> **WHAT YOU ARE ASKED TO DO**
Take the data below. Output it exactly from its first line through the line containing "X104140000Y-88900000D01*".

Records from a dataset:
_ _ _ _ _ _ _

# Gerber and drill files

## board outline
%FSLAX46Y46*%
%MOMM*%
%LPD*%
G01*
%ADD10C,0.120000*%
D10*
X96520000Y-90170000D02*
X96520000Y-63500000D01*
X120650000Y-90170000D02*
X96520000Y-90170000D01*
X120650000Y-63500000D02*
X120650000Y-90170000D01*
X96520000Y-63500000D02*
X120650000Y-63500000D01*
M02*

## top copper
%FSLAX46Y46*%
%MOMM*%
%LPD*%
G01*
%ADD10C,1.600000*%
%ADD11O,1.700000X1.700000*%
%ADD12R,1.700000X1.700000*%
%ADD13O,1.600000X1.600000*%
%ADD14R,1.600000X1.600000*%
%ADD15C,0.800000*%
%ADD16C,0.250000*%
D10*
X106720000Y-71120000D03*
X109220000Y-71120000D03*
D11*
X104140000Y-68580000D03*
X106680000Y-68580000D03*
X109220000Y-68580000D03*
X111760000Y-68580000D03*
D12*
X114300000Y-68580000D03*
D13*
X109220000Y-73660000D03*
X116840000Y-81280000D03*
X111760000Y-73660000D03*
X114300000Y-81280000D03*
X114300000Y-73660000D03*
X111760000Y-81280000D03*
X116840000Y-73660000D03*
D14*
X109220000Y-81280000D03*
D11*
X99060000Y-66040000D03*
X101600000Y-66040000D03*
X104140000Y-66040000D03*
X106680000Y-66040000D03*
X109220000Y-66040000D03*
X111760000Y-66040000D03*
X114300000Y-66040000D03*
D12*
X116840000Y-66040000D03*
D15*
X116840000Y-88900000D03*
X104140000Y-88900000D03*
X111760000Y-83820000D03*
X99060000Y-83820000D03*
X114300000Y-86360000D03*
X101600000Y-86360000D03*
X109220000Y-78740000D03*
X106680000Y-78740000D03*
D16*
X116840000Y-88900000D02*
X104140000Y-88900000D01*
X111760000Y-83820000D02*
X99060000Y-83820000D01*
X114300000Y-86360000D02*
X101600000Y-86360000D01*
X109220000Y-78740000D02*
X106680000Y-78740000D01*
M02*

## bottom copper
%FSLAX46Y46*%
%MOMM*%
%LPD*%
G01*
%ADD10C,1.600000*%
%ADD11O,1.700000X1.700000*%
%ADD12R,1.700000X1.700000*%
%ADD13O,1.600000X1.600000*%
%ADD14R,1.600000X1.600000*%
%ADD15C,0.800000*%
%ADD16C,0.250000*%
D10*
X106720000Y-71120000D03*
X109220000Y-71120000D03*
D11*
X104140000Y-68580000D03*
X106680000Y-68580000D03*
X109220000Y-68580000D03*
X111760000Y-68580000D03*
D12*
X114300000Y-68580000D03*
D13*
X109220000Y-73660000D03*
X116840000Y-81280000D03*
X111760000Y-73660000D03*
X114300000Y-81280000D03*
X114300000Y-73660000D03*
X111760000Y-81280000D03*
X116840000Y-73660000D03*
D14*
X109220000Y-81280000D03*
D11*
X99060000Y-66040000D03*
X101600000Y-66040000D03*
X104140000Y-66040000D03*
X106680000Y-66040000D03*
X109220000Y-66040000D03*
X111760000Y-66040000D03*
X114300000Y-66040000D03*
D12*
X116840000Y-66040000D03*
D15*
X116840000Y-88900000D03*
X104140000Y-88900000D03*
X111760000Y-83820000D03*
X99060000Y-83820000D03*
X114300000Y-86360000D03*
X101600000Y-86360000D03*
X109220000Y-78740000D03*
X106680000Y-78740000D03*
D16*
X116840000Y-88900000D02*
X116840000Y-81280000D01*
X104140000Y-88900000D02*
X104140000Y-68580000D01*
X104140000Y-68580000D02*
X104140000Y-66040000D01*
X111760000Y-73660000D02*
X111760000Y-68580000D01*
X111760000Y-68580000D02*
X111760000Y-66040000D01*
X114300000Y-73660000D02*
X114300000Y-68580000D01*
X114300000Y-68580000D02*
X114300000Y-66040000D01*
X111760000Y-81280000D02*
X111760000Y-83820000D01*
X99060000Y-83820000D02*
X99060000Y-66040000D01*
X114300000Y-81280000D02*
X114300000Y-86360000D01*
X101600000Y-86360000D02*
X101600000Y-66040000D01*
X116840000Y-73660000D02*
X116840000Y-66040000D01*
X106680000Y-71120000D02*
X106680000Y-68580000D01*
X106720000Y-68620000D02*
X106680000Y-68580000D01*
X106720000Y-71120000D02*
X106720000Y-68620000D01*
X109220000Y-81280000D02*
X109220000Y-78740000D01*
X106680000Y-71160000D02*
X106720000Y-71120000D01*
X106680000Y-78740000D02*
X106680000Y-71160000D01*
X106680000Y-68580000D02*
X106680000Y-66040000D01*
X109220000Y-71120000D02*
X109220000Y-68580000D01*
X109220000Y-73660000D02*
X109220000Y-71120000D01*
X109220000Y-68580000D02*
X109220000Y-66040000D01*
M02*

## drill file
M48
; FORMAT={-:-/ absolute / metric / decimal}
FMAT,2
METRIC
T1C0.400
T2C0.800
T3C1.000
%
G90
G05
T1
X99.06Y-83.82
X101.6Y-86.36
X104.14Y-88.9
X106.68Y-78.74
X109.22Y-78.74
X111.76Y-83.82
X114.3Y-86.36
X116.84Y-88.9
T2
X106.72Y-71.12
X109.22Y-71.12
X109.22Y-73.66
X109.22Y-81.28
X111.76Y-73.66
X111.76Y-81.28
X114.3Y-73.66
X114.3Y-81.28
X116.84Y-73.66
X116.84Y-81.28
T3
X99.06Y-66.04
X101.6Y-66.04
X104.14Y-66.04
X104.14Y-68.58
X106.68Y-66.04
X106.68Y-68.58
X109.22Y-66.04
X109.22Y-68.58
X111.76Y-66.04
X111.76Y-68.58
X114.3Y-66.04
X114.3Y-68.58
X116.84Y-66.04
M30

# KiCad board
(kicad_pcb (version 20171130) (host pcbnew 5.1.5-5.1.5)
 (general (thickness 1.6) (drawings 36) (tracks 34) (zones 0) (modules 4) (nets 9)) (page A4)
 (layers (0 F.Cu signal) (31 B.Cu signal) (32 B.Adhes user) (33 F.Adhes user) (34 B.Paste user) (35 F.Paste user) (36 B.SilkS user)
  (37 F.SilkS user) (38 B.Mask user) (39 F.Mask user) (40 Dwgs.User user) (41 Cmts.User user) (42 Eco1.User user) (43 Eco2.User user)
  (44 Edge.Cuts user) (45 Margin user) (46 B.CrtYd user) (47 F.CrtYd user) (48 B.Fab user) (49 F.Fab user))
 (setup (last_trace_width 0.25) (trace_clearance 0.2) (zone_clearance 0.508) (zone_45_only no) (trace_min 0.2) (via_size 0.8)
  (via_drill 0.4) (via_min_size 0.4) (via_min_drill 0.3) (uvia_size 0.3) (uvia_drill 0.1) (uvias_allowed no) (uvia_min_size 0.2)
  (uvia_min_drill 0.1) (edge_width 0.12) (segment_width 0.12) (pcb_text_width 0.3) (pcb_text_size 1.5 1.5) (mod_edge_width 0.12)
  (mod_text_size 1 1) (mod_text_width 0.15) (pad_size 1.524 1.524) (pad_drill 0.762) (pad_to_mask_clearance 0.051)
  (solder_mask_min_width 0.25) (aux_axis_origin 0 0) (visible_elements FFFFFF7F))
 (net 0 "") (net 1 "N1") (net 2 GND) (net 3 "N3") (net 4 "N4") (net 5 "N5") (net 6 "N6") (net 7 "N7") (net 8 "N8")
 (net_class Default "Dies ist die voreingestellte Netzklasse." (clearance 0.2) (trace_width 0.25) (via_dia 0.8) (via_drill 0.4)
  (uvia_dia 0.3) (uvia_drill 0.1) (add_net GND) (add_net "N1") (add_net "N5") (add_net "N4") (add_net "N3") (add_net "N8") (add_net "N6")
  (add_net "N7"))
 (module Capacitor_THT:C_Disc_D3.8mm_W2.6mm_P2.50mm (layer F.Cu) (at 109.22 71.12 180)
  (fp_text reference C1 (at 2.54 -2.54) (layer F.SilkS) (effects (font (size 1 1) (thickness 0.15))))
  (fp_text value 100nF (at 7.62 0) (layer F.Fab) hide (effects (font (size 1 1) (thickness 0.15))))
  (pad 2 thru_hole circle (at 2.5 0 180) (size 1.6 1.6) (drill 0.8) (layers *.Cu *.Mask) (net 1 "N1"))
  (pad 1 thru_hole circle (at 0 0 180) (size 1.6 1.6) (drill 0.8) (layers *.Cu *.Mask) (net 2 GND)))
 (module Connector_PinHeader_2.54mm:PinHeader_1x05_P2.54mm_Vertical (layer F.Cu) (at 114.3 68.58 270)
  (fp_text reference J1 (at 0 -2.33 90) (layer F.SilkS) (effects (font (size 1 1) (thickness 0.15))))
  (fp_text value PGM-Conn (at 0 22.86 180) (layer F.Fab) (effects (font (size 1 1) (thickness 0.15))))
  (pad 5 thru_hole oval (at 0 10.16 270) (size 1.7 1.7) (drill 1) (layers *.Cu *.Mask) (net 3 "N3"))
  (pad 4 thru_hole oval (at 0 7.62 270) (size 1.7 1.7) (drill 1) (layers *.Cu *.Mask) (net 1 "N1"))
  (pad 3 thru_hole oval (at 0 5.08 270) (size 1.7 1.7) (drill 1) (layers *.Cu *.Mask) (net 2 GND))
  (pad 2 thru_hole oval (at 0 2.54 270) (size 1.7 1.7) (drill 1) (layers *.Cu *.Mask) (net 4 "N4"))
  (pad 1 thru_hole rect (at 0 0 270) (size 1.7 1.7) (drill 1) (layers *.Cu *.Mask) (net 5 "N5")))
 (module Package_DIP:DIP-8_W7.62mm (layer F.Cu) (at 109.22 81.28 90)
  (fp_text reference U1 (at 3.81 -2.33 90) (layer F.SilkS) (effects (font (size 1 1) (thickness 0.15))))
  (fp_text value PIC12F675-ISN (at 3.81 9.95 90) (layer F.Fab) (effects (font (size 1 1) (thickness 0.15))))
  (pad 8 thru_hole oval (at 7.62 0 90) (size 1.6 1.6) (drill 0.8) (layers *.Cu *.Mask) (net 2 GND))
  (pad 4 thru_hole oval (at 0 7.62 90) (size 1.6 1.6) (drill 0.8) (layers *.Cu *.Mask) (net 3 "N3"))
  (pad 7 thru_hole oval (at 7.62 2.54 90) (size 1.6 1.6) (drill 0.8) (layers *.Cu *.Mask) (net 4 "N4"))
  (pad 3 thru_hole oval (at 0 5.08 90) (size 1.6 1.6) (drill 0.8) (layers *.Cu *.Mask) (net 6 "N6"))
  (pad 6 thru_hole oval (at 7.62 5.08 90) (size 1.6 1.6) (drill 0.8) (layers *.Cu *.Mask) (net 5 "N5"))
  (pad 2 thru_hole oval (at 0 2.54 90) (size 1.6 1.6) (drill 0.8) (layers *.Cu *.Mask) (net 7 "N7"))
  (pad 5 thru_hole oval (at 7.62 7.62 90) (size 1.6 1.6) (drill 0.8) (layers *.Cu *.Mask) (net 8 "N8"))
  (pad 1 thru_hole rect (at 0 0 90) (size 1.6 1.6) (drill 0.8) (layers *.Cu *.Mask) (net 1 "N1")))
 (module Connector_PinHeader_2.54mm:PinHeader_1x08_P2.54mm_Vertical (layer B.Cu) (at 116.84 66.04 90)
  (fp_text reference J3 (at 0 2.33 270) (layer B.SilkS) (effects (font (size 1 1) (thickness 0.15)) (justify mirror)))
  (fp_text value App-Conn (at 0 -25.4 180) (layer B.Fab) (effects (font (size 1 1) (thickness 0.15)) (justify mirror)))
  (pad 8 thru_hole oval (at 0 -17.78 90) (size 1.7 1.7) (drill 1) (layers *.Cu *.Mask) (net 7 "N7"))
  (pad 7 thru_hole oval (at 0 -15.24 90) (size 1.7 1.7) (drill 1) (layers *.Cu *.Mask) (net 6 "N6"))
  (pad 6 thru_hole oval (at 0 -12.7 90) (size 1.7 1.7) (drill 1) (layers *.Cu *.Mask) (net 3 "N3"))
  (pad 5 thru_hole oval (at 0 -10.16 90) (size 1.7 1.7) (drill 1) (layers *.Cu *.Mask) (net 1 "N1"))
  (pad 4 thru_hole oval (at 0 -7.62 90) (size 1.7 1.7) (drill 1) (layers *.Cu *.Mask) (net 2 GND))
  (pad 3 thru_hole oval (at 0 -5.08 90) (size 1.7 1.7) (drill 1) (layers *.Cu *.Mask) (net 4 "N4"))
  (pad 2 thru_hole oval (at 0 -2.54 90) (size 1.7 1.7) (drill 1) (layers *.Cu *.Mask) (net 5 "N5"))
  (pad 1 thru_hole rect (at 0 0 90) (size 1.7 1.7) (drill 1) (layers *.Cu *.Mask) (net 8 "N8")))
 (gr_line (start 96.52 90.17) (end 96.52 63.5) (layer Edge.Cuts) (width 0.12))
 (gr_line (start 120.65 90.17) (end 96.52 90.17) (layer Edge.Cuts) (width 0.12))
 (gr_line (start 120.65 63.5) (end 120.65 90.17) (layer Edge.Cuts) (width 0.12))
 (gr_line (start 96.52 63.5) (end 120.65 63.5) (layer Edge.Cuts) (width 0.12))
 (via (at 116.84 88.9) (size 0.8) (drill 0.4) (layers F.Cu B.Cu) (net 3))
 (via (at 104.14 88.9) (size 0.8) (drill 0.4) (layers F.Cu B.Cu) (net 3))
 (segment (start 116.84 88.9) (end 104.14 88.9) (width 0.25) (layer F.Cu) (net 3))
 (segment (start 116.84 88.9) (end 116.84 81.28) (width 0.25) (layer B.Cu) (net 3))
 (segment (start 104.14 88.9) (end 104.14 68.58) (width 0.25) (layer B.Cu) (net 3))
 (segment (start 104.14 68.58) (end 104.14 66.04) (width 0.25) (layer B.Cu) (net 3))
 (segment (start 111.76 73.66) (end 111.76 68.58) (width 0.25) (layer B.Cu) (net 4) (status 30))
 (segment (start 111.76 68.58) (end 111.76 66.04) (width 0.25) (layer B.Cu) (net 4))
 (segment (start 114.3 73.66) (end 114.3 68.58) (width 0.25) (layer B.Cu) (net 5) (status 30))
 (segment (start 114.3 68.58) (end 114.3 66.04) (width 0.25) (layer B.Cu) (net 5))
 (via (at 111.76 83.82) (size 0.8) (drill 0.4) (layers F.Cu B.Cu) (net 7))
 (segment (start 111.76 81.28) (end 111.76 83.82) (width 0.25) (layer B.Cu) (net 7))
 (via (at 99.06 83.82) (size 0.8) (drill 0.4) (layers F.Cu B.Cu) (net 7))
 (segment (start 111.76 83.82) (end 99.06 83.82) (width 0.25) (layer F.Cu) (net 7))
 (segment (start 99.06 83.82) (end 99.06 66.04) (width 0.25) (layer B.Cu) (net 7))
 (via (at 114.3 86.36) (size 0.8) (drill 0.4) (layers F.Cu B.Cu) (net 6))
 (segment (start 114.3 81.28) (end 114.3 86.36) (width 0.25) (layer B.Cu) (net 6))
 (via (at 101.6 86.36) (size 0.8) (drill 0.4) (layers F.Cu B.Cu) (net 6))
 (segment (start 114.3 86.36) (end 101.6 86.36) (width 0.25) (layer F.Cu) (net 6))
 (segment (start 101.6 86.36) (end 101.6 66.04) (width 0.25) (layer B.Cu) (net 6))
 (segment (start 116.84 73.66) (end 116.84 66.04) (width 0.25) (layer B.Cu) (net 8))
 (segment (start 106.68 71.12) (end 106.68 68.58) (width 0.25) (layer B.Cu) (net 1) (status 30))
 (segment (start 106.72 68.62) (end 106.68 68.58) (width 0.25) (layer B.Cu) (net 1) (status 30))
 (segment (start 106.72 71.12) (end 106.72 68.62) (width 0.25) (layer B.Cu) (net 1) (status 30))
 (via (at 109.22 78.74) (size 0.8) (drill 0.4) (layers F.Cu B.Cu) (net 1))
 (segment (start 109.22 81.28) (end 109.22 78.74) (width 0.25) (layer B.Cu) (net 1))
 (via (at 106.68 78.74) (size 0.8) (drill 0.4) (layers F.Cu B.Cu) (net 1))
 (segment (start 109.22 78.74) (end 106.68 78.74) (width 0.25) (layer F.Cu) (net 1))
 (segment (start 106.68 71.16) (end 106.72 71.12) (width 0.25) (layer B.Cu) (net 1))
 (segment (start 106.68 78.74) (end 106.68 71.16) (width 0.25) (layer B.Cu) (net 1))
 (segment (start 106.68 68.58) (end 106.68 66.04) (width 0.25) (layer B.Cu) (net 1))
 (segment (start 109.22 71.12) (end 109.22 68.58) (width 0.25) (layer B.Cu) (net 2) (status 30))
 (segment (start 109.22 73.66) (end 109.22 71.12) (width 0.25) (layer B.Cu) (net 2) (status 30))
 (segment (start 109.22 68.58) (end 109.22 66.04) (width 0.25) (layer B.Cu) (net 2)))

_ _ _ _ _ _ _

> **SOLUTION**
# Gerber and drill files

## board outline
%FSLAX46Y46*%
%MOMM*%
%LPD*%
G01*
%ADD10C,0.120000*%
D10*
X96520000Y-90170000D02*
X96520000Y-63500000D01*
X120650000Y-90170000D02*
X96520000Y-90170000D01*
X120650000Y-63500000D02*
X120650000Y-90170000D01*
X96520000Y-63500000D02*
X120650000Y-63500000D01*
M02*

## top copper
%FSLAX46Y46*%
%MOMM*%
%LPD*%
G01*
%ADD10C,1.600000*%
%ADD11O,1.700000X1.700000*%
%ADD12R,1.700000X1.700000*%
%ADD13O,1.600000X1.600000*%
%ADD14R,1.600000X1.600000*%
%ADD15C,0.800000*%
%ADD16C,0.250000*%
D10*
X106720000Y-71120000D03*
X109220000Y-71120000D03*
D11*
X104140000Y-68580000D03*
X106680000Y-68580000D03*
X109220000Y-68580000D03*
X111760000Y-68580000D03*
D12*
X114300000Y-68580000D03*
D13*
X109220000Y-73660000D03*
X116840000Y-81280000D03*
X111760000Y-73660000D03*
X114300000Y-81280000D03*
X114300000Y-73660000D03*
X111760000Y-81280000D03*
X116840000Y-73660000D03*
D14*
X109220000Y-81280000D03*
D11*
X99060000Y-66040000D03*
X101600000Y-66040000D03*
X104140000Y-66040000D03*
X106680000Y-66040000D03*
X109220000Y-66040000D03*
X111760000Y-66040000D03*
X114300000Y-66040000D03*
D12*
X116840000Y-66040000D03*
D15*
X116840000Y-88900000D03*
X104140000Y-88900000D03*
X111760000Y-83820000D03*
X99060000Y-83820000D03*
X114300000Y-86360000D03*
X101600000Y-86360000D03*
X109220000Y-78740000D03*
X106680000Y-78740000D03*
D16*
X116840000Y-88900000D02*
X104140000Y-88900000D01*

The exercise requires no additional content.